L’aggravation de la situation sociale et écologique dans nos sociétés capitalistes tardives provoque dans l’écriture aussi et en poésie une poussée dystopique depuis quelques années. Je pense bien sûr à Antoine Volodine et son Terminus Radieux ou d’autres livres mais à bien d’autres auteurs qui intègrent récemment cette dimension, par exemple Lucie Taïeb dans Les échappées. Bien sûr la réaction dystopique est proportionnelle aux attaques sociales et politiques. On revient aussi à une littérature porteuse d’utopie, ce qui rappelle les époques plus troubles de l’Histoire ou les littératures des pays subissant des dictatures nécessitant des déplacements de l’écriture. Mais il faut entendre ce que l’écriture dit, son geste oraculaire n’est pas une lettre morte mais bien un doigt tendu vivant. Si nos dirigeants libéraux lisaient un peu plus, cela pourrait leur montrer un peu le chemin et renouveler leur questionnement. Bien sûr, dans un même temps aussi, réapparaissent des proses nationales qui exaltent la vieille terre ou des « valeurs » du patriarcat comme entité glorieuse et cela se vend bien, on pense à Houellebecq et à d’autres.

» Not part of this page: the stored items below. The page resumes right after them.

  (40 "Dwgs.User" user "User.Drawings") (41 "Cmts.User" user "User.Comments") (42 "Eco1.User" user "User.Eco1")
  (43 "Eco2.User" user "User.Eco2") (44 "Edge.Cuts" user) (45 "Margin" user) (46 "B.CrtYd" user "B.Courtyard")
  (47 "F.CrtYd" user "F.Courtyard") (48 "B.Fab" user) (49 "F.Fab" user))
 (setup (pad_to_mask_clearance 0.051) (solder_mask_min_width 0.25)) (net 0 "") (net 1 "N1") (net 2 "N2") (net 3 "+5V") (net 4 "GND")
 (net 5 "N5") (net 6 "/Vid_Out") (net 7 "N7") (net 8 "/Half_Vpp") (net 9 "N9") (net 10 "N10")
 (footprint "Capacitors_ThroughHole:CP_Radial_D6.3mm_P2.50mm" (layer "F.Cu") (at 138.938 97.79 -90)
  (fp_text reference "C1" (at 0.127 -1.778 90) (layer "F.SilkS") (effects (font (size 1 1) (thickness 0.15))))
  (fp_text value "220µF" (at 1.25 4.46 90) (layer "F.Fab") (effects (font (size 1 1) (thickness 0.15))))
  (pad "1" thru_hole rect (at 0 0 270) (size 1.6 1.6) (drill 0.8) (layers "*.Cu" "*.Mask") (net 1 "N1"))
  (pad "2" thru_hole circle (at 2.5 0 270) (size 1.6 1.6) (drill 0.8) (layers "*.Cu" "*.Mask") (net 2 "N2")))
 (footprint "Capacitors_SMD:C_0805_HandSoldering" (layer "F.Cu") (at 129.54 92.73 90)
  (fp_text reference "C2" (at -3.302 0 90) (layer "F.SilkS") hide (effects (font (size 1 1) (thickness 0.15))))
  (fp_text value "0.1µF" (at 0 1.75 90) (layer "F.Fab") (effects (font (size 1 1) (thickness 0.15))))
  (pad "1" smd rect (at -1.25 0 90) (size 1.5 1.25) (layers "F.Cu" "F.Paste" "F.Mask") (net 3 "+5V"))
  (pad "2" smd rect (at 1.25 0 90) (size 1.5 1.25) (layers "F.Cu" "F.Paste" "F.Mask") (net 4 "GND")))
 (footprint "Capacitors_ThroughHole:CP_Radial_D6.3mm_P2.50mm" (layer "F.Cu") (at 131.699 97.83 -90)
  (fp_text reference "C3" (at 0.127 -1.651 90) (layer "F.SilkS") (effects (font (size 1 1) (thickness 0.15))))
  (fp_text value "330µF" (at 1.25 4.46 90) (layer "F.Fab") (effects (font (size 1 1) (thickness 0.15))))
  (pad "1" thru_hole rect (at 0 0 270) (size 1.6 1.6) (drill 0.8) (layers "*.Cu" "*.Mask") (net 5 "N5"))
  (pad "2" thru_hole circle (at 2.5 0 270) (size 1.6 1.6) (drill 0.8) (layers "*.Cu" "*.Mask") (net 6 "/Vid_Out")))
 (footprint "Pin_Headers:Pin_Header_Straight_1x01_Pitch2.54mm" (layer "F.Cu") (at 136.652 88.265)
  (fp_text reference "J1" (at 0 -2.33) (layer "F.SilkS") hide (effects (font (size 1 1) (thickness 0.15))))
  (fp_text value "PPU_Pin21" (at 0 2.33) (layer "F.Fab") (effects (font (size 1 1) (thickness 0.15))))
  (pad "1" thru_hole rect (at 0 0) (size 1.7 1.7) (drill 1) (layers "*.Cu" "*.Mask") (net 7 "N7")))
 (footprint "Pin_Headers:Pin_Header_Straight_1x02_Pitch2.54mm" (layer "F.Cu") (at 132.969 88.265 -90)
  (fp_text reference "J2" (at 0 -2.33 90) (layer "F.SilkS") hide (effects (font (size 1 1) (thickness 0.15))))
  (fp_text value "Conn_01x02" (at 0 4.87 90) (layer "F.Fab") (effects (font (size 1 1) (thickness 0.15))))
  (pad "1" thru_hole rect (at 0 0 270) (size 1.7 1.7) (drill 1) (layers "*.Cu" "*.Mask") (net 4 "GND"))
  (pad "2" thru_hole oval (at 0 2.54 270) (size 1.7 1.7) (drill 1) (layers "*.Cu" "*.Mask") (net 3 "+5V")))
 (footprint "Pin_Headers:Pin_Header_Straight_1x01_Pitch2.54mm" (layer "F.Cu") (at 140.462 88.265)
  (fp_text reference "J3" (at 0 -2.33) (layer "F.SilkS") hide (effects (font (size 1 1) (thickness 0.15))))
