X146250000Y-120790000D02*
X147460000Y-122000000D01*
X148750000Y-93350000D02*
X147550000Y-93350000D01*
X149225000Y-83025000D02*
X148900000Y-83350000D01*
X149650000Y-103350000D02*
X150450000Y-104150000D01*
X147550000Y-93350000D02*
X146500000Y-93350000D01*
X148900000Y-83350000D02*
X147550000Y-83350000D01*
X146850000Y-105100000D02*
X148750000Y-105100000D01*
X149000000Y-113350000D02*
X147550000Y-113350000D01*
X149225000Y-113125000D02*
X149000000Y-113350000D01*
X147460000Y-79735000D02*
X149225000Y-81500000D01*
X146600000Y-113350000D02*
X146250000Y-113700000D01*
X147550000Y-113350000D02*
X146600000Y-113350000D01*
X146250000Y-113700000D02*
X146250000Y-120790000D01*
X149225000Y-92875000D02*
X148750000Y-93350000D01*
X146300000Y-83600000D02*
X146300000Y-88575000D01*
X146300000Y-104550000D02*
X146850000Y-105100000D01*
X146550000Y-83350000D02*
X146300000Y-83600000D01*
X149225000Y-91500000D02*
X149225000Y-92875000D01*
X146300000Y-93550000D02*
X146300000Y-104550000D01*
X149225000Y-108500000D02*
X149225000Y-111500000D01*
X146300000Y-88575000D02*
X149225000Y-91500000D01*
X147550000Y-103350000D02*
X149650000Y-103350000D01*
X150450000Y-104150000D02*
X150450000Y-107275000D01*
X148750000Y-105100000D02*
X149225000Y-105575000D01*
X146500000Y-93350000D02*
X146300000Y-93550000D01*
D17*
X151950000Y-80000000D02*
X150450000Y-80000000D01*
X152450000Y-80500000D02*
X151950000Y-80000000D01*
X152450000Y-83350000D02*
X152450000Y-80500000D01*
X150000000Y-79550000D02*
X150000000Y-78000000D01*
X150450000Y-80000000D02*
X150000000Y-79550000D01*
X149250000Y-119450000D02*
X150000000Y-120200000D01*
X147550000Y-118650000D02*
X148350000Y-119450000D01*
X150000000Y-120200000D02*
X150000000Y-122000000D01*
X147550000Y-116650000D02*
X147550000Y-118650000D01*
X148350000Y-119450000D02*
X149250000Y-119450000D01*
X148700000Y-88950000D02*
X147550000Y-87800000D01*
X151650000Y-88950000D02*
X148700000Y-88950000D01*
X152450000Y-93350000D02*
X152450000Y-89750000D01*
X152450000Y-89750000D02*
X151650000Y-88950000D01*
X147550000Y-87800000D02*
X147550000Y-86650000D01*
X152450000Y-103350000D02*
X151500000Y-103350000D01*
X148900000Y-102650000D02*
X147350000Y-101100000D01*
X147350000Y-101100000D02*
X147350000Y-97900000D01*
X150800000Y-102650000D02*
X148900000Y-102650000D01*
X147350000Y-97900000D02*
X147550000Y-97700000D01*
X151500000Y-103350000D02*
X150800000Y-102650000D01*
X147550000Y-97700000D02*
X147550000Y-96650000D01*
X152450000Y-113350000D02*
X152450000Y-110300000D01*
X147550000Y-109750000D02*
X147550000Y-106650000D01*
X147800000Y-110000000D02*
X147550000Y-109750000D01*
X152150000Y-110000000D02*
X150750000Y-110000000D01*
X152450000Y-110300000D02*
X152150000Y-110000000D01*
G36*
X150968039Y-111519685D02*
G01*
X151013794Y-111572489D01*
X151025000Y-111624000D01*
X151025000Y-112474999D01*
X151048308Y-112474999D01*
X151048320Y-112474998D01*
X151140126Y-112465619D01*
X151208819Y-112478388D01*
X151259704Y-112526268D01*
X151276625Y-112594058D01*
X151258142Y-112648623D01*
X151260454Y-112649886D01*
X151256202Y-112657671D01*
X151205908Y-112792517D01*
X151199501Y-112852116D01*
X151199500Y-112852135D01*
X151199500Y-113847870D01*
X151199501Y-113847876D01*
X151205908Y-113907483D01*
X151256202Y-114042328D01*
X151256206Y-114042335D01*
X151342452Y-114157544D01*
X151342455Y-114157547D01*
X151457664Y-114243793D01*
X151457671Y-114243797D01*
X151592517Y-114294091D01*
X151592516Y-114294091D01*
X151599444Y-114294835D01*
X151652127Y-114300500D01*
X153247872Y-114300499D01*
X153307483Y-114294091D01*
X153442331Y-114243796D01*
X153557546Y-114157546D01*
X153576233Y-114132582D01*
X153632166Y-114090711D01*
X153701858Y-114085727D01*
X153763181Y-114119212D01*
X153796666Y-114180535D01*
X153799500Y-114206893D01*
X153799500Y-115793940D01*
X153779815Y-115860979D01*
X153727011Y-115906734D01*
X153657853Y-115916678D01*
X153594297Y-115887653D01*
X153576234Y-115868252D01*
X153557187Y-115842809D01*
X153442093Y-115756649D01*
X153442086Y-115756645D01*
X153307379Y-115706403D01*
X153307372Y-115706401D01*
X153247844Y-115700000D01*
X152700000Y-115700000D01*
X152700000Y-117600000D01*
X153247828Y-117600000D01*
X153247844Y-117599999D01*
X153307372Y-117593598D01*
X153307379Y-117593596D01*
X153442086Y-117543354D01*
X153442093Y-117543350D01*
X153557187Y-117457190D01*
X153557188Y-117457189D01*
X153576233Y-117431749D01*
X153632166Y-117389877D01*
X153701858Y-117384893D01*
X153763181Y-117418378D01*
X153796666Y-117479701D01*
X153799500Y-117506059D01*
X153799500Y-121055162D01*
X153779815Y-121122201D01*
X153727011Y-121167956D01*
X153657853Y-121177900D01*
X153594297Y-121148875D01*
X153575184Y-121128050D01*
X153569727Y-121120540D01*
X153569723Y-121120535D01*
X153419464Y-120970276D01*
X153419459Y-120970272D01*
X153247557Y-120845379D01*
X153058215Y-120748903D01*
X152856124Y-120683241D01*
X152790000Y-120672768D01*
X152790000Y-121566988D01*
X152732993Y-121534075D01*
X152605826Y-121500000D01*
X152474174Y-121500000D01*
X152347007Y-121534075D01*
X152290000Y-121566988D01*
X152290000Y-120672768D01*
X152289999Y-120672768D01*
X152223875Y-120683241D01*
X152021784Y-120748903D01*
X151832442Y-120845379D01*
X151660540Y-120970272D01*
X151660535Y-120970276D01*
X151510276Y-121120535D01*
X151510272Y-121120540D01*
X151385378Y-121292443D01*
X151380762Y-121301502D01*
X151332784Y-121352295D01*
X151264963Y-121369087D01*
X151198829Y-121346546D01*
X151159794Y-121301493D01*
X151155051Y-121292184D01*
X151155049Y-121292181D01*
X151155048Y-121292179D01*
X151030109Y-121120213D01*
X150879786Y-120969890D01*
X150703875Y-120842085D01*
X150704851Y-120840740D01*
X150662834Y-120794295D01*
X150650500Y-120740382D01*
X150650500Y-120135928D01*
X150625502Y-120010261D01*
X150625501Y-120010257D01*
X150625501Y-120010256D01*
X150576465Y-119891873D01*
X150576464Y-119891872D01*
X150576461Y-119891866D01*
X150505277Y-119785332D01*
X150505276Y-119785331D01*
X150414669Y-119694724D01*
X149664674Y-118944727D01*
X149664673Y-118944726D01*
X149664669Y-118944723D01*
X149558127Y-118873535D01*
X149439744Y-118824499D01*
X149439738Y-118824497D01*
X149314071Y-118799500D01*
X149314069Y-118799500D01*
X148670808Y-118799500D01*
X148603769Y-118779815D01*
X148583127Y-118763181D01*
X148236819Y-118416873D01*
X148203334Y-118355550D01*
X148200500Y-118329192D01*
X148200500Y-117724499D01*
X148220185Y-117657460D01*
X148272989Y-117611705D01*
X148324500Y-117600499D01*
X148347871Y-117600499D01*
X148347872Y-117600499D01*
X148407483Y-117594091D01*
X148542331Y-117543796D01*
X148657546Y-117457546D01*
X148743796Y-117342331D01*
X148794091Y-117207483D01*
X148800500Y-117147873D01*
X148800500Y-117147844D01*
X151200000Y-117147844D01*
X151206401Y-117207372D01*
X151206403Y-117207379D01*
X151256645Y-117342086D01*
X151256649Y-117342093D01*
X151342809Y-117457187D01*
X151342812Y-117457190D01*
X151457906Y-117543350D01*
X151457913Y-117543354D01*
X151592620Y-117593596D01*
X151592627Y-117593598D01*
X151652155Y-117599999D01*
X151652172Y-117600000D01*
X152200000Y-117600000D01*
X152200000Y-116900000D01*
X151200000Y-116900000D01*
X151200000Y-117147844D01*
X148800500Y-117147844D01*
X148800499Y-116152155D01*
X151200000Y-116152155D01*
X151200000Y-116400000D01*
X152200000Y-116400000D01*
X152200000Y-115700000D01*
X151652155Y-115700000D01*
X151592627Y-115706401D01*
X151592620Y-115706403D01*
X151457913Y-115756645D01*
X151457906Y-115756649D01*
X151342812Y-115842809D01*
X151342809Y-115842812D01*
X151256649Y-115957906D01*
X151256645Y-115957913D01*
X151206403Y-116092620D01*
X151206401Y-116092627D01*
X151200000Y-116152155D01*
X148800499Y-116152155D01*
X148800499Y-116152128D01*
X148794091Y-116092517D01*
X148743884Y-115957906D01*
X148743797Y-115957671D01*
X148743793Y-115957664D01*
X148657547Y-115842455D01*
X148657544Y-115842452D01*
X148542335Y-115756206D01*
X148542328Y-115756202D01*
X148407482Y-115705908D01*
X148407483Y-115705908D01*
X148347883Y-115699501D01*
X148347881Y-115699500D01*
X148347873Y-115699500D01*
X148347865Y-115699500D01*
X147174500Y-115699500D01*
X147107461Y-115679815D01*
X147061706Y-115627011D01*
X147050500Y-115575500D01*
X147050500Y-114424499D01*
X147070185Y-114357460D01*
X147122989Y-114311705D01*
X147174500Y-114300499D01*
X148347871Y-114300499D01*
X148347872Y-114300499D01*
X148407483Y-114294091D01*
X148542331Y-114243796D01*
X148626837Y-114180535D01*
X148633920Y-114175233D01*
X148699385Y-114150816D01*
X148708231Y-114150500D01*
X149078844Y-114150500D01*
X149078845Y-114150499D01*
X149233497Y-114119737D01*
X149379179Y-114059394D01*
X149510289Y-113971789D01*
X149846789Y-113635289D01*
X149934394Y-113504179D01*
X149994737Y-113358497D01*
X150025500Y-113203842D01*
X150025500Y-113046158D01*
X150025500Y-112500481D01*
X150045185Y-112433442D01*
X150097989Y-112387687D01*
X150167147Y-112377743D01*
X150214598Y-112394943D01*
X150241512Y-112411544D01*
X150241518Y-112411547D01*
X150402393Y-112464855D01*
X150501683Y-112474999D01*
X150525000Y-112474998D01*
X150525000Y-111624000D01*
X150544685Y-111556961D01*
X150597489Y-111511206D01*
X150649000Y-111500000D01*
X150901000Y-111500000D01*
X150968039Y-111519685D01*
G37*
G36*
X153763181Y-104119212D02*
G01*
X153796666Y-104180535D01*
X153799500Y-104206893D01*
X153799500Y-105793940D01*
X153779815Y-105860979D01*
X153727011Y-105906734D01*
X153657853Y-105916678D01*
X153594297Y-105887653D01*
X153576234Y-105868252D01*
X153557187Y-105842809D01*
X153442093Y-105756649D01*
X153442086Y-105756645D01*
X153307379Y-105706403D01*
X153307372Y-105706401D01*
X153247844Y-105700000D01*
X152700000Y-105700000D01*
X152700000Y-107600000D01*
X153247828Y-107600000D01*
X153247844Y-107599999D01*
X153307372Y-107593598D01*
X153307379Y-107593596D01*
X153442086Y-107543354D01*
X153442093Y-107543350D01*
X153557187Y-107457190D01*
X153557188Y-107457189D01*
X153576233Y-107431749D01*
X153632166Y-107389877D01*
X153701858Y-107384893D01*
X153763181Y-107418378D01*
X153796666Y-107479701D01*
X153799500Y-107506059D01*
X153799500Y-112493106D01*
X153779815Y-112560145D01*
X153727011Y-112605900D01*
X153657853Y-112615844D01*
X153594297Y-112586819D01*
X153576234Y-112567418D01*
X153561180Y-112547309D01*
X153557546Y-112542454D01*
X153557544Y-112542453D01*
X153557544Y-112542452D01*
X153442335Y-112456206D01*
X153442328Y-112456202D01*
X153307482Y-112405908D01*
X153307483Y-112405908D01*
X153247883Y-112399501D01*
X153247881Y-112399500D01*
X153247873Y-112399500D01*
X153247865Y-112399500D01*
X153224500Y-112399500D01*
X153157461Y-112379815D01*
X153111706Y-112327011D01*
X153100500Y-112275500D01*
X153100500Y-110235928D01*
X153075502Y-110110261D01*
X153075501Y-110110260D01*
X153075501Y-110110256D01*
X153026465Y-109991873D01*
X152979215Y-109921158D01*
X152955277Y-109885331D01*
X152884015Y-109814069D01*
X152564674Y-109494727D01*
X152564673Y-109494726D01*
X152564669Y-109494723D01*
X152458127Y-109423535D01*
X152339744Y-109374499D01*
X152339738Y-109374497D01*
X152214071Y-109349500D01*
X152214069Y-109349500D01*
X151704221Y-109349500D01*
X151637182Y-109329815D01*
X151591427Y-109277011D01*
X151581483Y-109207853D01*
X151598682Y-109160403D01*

Mon travail plus récent sur le conte est une réponse poétique qui est politique aussi : au lieu de m’inscrire dans un chemin épique, qui m’apparaît comme un vieux fantasme de gloire ou de grandeur retrouvée, même transformée, de glorification de lieux ou de personnes, je me tourne vers le conte comme le pendant hybride de l’épopée, une écriture non nationale, mouvante, migrante, parfois collective et transgressive. Le conte n’est pas le mythe. Les figures du conte étant migrantes, souvent hybrides (homme-femme, être humain-animal) et ouvertes, le conte porte une part utopique tournée non pas vers une déploration du passé mais vers une aspiration à l’avenir. Il est important pour moi de voir si notre vieil occident est toujours à même de continuer les contes, pas seulement de les citer, de les analyser mais d’en écrire de nouveaux ou d’en écrire des variantes, de faire dévier les récits anciens pour leur incorporer des rêves d’avenir. Dans outrechanter, (la lettre volée 2023) je réécris le serpent blanc, un conte chinois, et dans melusine reloaded que j’écris en ce moment, je reprends l’oublié des récits mélusiniens pour voir la figure de transgression et de transformation qu’est, aujourd’hui, mélusine qui pose des questions non seulement à l’écriture poétique, au lieu à habiter, à la guerre, au désir, à l’amour ou à la violence. Ce récit a une dimension dystopique, il cherche à prolonger les questions que nous pose le présent en cherchant dans le passé des germes d’avenir. Il permet d’imaginer un avenir, de l’inventer, de repenser les structures sociales aussi. C’est le côté prédictif de l’écriture. C’est aussi sa force de bifurcation, sa capacité à nous faire sortir des rails de la pensée en place à partir d’un travail sur la langue. Donner voix à ce qui reste hors-champ des élections est politique également, urgent autrement.